As for Dragic, Miami’s veteran point guard has found rejuvenation to this point in the playoffs, averaging 21.1 points and 4.7 assists per contest in the first two rounds. By any standard, Dragic has been fantastic offensively and he, along with Butler and Adebayo, is the biggest reason for Miami’s offensive jump when compared to the regular season. Still, Dragic has never been an excellent defender, and he is limited in size, physicality and on-ball tenacity.
There are varied ways for the Celtics to attack Miami’s perimeter deficiencies on defense, and Brad Stevens would appear to be a more likely candidate to exercise them than Budenholzer proved to be. Can Dragic hold up on Kemba Walker over the course of a full series? That remains to be seen. Can Herro, Robinson and/or Nunn avoid being hunted by the likes of Tatum and Brown? Quite honestly, even Marcus Smart might have the edge against any of Miami’s quartet of offense-leaning players, especially given his brute force and aggressiveness.
To be fair, the Heat can (and will) field lineups with only one shaky defender, surrounding Dragic (or Herro or Robinson) with Butler, Adebayo, Crowder and Iguodala.

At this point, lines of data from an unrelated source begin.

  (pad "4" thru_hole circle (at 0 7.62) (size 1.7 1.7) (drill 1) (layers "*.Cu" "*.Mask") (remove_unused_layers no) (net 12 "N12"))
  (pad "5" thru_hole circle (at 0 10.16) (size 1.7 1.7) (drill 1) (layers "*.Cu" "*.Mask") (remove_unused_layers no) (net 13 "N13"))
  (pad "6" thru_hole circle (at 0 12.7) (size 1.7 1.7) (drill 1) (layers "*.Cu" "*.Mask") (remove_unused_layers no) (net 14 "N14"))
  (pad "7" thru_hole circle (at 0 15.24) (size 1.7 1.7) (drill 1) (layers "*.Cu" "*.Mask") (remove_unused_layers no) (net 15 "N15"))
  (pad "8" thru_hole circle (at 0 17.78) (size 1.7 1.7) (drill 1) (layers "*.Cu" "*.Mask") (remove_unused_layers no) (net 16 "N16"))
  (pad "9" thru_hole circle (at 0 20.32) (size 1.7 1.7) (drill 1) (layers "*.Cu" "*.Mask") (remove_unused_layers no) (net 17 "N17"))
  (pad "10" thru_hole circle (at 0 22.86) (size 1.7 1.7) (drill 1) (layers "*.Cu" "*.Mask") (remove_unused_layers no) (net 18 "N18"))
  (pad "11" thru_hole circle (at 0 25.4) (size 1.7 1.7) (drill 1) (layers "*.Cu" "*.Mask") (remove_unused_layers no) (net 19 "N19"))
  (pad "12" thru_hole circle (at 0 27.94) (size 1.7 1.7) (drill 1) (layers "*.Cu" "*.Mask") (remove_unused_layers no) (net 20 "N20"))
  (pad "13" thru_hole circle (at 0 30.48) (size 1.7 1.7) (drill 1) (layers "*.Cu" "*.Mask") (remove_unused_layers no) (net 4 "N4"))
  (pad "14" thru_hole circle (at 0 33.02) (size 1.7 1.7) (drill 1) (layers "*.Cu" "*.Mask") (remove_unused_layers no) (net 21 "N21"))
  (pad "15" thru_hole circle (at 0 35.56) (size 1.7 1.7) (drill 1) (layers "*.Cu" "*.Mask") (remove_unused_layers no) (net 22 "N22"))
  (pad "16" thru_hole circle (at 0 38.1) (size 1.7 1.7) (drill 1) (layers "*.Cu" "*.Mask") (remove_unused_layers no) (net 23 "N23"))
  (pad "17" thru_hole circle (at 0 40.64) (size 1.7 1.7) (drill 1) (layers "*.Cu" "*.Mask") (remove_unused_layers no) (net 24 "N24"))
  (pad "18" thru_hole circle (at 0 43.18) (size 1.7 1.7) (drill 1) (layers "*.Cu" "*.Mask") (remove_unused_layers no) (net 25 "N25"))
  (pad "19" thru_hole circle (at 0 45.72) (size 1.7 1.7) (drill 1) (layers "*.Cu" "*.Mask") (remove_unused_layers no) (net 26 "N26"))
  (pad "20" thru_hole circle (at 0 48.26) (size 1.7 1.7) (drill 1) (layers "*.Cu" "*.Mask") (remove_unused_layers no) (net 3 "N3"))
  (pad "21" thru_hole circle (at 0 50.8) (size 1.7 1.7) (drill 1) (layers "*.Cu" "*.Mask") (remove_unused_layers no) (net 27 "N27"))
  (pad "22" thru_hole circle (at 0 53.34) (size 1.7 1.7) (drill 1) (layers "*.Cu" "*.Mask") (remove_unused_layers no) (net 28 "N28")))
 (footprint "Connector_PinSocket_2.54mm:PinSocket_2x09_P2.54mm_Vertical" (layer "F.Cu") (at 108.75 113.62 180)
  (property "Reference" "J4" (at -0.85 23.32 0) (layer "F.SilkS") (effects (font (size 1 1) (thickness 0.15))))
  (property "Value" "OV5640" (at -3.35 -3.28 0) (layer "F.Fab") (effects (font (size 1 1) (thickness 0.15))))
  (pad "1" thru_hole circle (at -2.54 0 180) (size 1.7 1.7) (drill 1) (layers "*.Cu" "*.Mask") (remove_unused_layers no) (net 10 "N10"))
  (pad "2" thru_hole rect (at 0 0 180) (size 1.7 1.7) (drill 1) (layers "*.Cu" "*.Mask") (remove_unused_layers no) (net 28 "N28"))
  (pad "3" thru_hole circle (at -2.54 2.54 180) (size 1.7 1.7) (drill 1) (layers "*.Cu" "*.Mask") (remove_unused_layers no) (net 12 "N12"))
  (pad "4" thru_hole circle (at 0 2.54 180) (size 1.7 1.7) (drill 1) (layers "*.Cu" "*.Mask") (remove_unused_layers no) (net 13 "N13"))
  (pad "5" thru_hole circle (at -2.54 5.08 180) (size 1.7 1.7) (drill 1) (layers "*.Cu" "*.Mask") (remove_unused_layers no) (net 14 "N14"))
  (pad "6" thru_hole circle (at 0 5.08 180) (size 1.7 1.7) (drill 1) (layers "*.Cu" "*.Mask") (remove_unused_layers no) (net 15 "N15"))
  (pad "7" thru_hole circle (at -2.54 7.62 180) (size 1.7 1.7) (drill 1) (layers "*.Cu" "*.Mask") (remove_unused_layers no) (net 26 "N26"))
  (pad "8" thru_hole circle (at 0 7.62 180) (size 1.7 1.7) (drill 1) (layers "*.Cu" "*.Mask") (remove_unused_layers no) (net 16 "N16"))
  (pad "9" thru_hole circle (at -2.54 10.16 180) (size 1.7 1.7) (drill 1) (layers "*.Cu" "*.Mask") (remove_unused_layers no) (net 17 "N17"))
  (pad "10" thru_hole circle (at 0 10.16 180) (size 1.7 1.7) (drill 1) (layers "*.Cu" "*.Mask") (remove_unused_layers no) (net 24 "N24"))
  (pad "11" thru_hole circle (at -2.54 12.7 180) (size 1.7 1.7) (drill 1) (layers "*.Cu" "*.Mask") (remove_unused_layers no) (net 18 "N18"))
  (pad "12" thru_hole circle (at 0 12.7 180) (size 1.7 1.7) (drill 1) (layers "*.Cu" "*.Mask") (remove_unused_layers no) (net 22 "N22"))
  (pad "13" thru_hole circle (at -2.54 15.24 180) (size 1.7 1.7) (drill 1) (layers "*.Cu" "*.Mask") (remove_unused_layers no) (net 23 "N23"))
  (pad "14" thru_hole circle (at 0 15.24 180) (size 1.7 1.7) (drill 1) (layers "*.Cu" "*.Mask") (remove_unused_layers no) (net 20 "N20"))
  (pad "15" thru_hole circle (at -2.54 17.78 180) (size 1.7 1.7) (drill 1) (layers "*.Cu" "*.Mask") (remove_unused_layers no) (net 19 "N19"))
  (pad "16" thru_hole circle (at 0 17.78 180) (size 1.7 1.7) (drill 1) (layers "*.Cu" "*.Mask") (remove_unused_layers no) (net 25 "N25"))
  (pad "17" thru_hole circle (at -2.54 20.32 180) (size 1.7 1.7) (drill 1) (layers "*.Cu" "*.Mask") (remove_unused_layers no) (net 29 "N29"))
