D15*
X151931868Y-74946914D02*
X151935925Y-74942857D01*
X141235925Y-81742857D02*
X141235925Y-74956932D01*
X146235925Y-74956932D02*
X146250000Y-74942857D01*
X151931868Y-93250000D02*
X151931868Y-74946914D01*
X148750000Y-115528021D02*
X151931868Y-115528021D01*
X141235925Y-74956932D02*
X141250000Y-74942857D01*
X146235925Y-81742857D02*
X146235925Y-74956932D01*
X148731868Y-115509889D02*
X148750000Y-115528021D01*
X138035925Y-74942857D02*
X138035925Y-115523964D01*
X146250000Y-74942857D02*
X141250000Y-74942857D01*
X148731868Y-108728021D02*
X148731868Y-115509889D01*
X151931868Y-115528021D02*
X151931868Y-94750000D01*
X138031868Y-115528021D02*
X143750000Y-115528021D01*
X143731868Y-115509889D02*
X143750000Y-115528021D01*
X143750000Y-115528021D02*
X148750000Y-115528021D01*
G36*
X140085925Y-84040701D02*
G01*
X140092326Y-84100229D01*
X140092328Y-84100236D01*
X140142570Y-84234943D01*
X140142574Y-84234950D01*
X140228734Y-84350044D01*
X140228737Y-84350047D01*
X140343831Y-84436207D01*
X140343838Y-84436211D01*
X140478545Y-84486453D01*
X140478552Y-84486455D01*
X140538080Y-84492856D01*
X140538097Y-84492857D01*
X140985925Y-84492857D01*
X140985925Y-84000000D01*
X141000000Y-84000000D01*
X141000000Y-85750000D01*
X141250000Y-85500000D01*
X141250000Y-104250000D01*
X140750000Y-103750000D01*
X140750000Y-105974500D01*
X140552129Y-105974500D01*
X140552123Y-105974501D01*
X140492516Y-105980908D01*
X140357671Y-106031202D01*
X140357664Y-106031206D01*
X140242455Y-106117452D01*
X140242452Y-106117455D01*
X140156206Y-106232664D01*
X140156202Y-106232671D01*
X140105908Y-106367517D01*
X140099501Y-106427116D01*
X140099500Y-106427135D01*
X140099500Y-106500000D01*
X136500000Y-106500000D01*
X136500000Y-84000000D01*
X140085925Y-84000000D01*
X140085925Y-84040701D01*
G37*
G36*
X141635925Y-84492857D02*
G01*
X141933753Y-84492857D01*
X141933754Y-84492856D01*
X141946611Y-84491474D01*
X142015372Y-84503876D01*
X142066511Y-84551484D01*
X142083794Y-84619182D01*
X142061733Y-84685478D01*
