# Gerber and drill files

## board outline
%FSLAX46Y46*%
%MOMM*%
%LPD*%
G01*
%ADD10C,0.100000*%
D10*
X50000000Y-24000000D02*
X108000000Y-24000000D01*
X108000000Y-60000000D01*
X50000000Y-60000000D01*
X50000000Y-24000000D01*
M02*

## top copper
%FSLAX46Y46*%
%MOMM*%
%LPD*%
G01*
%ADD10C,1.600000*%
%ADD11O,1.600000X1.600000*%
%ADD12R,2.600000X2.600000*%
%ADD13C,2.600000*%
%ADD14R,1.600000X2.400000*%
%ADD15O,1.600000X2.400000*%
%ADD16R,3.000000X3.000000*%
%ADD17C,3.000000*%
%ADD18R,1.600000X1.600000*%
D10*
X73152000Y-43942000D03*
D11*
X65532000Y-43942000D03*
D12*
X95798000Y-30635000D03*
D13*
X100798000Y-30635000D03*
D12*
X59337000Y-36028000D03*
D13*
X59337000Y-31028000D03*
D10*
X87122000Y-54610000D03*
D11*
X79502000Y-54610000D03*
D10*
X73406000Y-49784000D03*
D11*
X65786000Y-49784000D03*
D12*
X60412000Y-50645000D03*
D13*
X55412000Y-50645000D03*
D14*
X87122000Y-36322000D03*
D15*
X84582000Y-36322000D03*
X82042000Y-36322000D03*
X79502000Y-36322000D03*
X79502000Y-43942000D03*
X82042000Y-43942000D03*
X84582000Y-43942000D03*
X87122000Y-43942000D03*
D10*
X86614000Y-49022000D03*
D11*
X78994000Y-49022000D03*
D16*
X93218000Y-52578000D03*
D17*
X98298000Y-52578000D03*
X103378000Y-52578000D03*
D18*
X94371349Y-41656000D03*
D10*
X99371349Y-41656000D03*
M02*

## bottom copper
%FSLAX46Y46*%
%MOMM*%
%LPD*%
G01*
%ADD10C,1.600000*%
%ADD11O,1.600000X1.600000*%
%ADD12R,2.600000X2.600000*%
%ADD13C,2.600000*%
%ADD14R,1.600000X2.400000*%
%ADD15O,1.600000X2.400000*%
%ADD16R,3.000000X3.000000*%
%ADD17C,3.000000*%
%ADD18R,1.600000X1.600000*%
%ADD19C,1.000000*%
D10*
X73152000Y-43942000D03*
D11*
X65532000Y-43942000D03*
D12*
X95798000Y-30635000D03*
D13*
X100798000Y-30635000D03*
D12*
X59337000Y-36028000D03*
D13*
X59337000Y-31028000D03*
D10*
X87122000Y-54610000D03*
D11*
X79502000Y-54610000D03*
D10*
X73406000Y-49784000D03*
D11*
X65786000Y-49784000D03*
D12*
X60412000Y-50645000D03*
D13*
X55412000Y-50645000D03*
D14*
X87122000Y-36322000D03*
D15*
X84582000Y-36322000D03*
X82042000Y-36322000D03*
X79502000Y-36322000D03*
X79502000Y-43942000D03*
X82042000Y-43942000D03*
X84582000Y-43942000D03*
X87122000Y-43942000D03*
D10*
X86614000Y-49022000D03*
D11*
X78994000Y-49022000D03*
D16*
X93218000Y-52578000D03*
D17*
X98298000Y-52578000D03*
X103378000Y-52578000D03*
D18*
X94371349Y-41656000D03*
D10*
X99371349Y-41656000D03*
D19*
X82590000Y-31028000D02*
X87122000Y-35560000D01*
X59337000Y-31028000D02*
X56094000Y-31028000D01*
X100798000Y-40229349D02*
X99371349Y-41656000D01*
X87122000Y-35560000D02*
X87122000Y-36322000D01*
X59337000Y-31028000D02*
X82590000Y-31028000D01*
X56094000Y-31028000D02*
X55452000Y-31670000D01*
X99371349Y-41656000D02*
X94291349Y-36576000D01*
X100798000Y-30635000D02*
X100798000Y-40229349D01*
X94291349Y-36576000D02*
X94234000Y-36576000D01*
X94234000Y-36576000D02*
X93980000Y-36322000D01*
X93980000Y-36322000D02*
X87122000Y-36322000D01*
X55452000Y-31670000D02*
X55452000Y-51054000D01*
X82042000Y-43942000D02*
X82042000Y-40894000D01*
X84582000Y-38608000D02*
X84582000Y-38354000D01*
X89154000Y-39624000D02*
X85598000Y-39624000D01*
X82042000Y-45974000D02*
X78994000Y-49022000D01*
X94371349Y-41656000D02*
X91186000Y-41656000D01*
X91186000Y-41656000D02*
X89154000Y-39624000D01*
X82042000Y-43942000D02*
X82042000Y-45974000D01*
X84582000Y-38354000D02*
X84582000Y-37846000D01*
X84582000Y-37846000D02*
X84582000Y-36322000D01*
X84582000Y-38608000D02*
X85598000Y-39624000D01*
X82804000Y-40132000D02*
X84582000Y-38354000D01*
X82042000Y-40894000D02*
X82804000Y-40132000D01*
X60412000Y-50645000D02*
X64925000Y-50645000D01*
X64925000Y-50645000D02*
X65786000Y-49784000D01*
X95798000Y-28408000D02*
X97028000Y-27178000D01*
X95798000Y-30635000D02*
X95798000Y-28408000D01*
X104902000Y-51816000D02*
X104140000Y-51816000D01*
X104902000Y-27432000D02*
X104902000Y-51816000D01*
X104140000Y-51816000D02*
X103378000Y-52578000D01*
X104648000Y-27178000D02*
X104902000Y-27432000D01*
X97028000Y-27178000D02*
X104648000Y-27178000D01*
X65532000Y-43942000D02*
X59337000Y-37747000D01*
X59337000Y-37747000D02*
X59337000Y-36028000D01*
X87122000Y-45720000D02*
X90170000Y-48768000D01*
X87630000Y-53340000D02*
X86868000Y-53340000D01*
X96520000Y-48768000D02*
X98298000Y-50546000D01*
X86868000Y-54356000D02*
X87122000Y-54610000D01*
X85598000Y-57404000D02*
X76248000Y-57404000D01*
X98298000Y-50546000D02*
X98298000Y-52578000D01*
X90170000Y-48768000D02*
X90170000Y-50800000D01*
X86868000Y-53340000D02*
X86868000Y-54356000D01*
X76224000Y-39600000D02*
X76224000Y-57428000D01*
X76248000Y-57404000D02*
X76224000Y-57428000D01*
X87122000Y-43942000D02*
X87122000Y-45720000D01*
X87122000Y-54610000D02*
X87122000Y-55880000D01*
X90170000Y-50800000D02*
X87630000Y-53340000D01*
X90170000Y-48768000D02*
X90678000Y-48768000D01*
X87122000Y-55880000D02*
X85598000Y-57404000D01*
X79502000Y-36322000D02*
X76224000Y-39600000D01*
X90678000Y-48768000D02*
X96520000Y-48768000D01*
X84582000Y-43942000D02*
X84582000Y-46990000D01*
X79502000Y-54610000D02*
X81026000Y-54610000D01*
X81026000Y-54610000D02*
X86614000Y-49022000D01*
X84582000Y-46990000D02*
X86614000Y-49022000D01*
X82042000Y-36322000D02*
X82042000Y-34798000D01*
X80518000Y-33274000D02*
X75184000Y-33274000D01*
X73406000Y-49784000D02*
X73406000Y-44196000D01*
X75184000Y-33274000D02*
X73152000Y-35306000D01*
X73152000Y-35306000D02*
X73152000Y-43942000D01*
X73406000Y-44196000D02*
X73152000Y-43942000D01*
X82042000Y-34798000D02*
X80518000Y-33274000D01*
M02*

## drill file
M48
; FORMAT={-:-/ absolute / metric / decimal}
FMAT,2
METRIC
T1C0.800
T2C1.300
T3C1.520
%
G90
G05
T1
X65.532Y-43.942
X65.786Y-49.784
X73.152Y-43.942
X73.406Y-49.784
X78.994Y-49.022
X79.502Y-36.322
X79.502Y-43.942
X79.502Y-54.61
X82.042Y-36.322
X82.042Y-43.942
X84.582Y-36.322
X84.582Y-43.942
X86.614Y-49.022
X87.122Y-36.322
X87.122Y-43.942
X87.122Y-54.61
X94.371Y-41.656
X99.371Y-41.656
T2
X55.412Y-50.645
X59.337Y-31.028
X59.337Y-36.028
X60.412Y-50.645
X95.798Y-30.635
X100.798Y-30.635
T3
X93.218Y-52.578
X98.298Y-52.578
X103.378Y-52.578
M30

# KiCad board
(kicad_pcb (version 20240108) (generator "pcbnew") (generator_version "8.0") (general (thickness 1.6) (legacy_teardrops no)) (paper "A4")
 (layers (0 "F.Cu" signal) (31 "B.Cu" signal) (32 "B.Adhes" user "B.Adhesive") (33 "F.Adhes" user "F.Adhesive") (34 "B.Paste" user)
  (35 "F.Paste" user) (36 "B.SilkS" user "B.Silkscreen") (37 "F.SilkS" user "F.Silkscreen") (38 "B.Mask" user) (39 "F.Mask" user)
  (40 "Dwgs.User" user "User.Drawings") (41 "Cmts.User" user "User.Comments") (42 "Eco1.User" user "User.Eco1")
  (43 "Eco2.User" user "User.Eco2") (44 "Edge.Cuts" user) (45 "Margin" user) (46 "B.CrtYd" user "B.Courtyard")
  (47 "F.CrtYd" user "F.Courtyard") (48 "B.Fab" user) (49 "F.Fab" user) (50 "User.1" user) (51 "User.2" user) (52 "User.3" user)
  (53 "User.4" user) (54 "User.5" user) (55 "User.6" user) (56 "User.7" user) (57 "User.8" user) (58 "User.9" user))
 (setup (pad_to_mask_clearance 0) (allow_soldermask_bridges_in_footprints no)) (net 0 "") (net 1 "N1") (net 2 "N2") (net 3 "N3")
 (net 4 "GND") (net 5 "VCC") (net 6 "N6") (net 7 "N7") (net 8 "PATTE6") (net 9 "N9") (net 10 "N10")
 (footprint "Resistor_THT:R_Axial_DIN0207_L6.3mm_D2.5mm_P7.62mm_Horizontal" (layer "F.Cu") (at 73.152 43.942 180)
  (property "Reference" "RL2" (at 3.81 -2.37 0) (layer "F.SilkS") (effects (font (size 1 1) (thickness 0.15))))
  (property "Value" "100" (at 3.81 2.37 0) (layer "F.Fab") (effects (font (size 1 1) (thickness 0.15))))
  (pad "1" thru_hole circle (at 0 0 180) (size 1.6 1.6) (drill 0.8) (layers "*.Cu" "*.Mask") (remove_unused_layers no) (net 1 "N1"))
  (pad "2" thru_hole oval (at 7.62 0 180) (size 1.6 1.6) (drill 0.8) (layers "*.Cu" "*.Mask") (remove_unused_layers no) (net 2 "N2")))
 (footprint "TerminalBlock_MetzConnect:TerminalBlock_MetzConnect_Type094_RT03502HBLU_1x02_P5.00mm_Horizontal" (layer "F.Cu")
  (at 95.798 30.635)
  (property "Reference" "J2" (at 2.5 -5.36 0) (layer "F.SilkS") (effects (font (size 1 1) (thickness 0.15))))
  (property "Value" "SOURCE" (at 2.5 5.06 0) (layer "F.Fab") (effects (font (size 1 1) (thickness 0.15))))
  (pad "1" thru_hole rect (at 0 0) (size 2.6 2.6) (drill 1.3) (layers "*.Cu" "*.Mask") (remove_unused_layers no) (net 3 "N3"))
  (pad "2" thru_hole circle (at 5 0) (size 2.6 2.6) (drill 1.3) (layers "*.Cu" "*.Mask") (remove_unused_layers no) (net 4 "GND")))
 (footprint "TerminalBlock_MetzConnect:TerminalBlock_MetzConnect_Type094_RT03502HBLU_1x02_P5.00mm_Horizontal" (layer "F.Cu")
  (at 59.337 36.028 90)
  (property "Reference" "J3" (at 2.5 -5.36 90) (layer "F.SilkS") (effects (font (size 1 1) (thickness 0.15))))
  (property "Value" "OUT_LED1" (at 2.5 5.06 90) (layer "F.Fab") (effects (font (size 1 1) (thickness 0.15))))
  (pad "1" thru_hole rect (at 0 0 90) (size 2.6 2.6) (drill 1.3) (layers "*.Cu" "*.Mask") (remove_unused_layers no) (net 2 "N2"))
  (pad "2" thru_hole circle (at 5 0 90) (size 2.6 2.6) (drill 1.3) (layers "*.Cu" "*.Mask") (remove_unused_layers no) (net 4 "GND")))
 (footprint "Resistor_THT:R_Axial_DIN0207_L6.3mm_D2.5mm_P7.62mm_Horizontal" (layer "F.Cu") (at 87.122 54.61 180)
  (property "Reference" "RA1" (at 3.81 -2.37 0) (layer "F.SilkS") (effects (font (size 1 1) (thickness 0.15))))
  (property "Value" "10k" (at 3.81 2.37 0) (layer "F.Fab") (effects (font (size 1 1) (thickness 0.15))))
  (pad "1" thru_hole circle (at 0 0 180) (size 1.6 1.6) (drill 0.8) (layers "*.Cu" "*.Mask") (remove_unused_layers no) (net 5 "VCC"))
  (pad "2" thru_hole oval (at 7.62 0 180) (size 1.6 1.6) (drill 0.8) (layers "*.Cu" "*.Mask") (remove_unused_layers no) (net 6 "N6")))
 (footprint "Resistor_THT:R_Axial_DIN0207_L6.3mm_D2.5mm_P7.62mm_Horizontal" (layer "F.Cu") (at 73.406 49.784 180)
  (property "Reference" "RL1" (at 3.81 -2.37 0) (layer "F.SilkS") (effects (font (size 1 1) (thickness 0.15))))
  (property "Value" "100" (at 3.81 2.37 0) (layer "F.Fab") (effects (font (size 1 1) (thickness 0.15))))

That is a five-man unit that can hang with anyone defensively, as the problems don’t begin to mount until you have more than one defensive hole.
As the series persists, Spoelstra’s goal must be to find a way to succeed defensively while keeping his offensive firepower on the floor. On the other side, Stevens must attempt to force Spoelstra to take his offensive weapons off the floor, taking advantage of the fact that Boston’s best offensive lineups also feature limited places for the opposition to attack on the other end.
Robinson, Herro and especially Dragic are capable of being so good on offense that it (almost) doesn’t matter how the other end of the floor unfolds. Still, the Celtics will likely attempt to bet against that reality and, if nothing else, Miami’s non-Butler perimeter options will need to prove they can hold up defensively, or risk being marginalized over the course of what could be a lengthy series.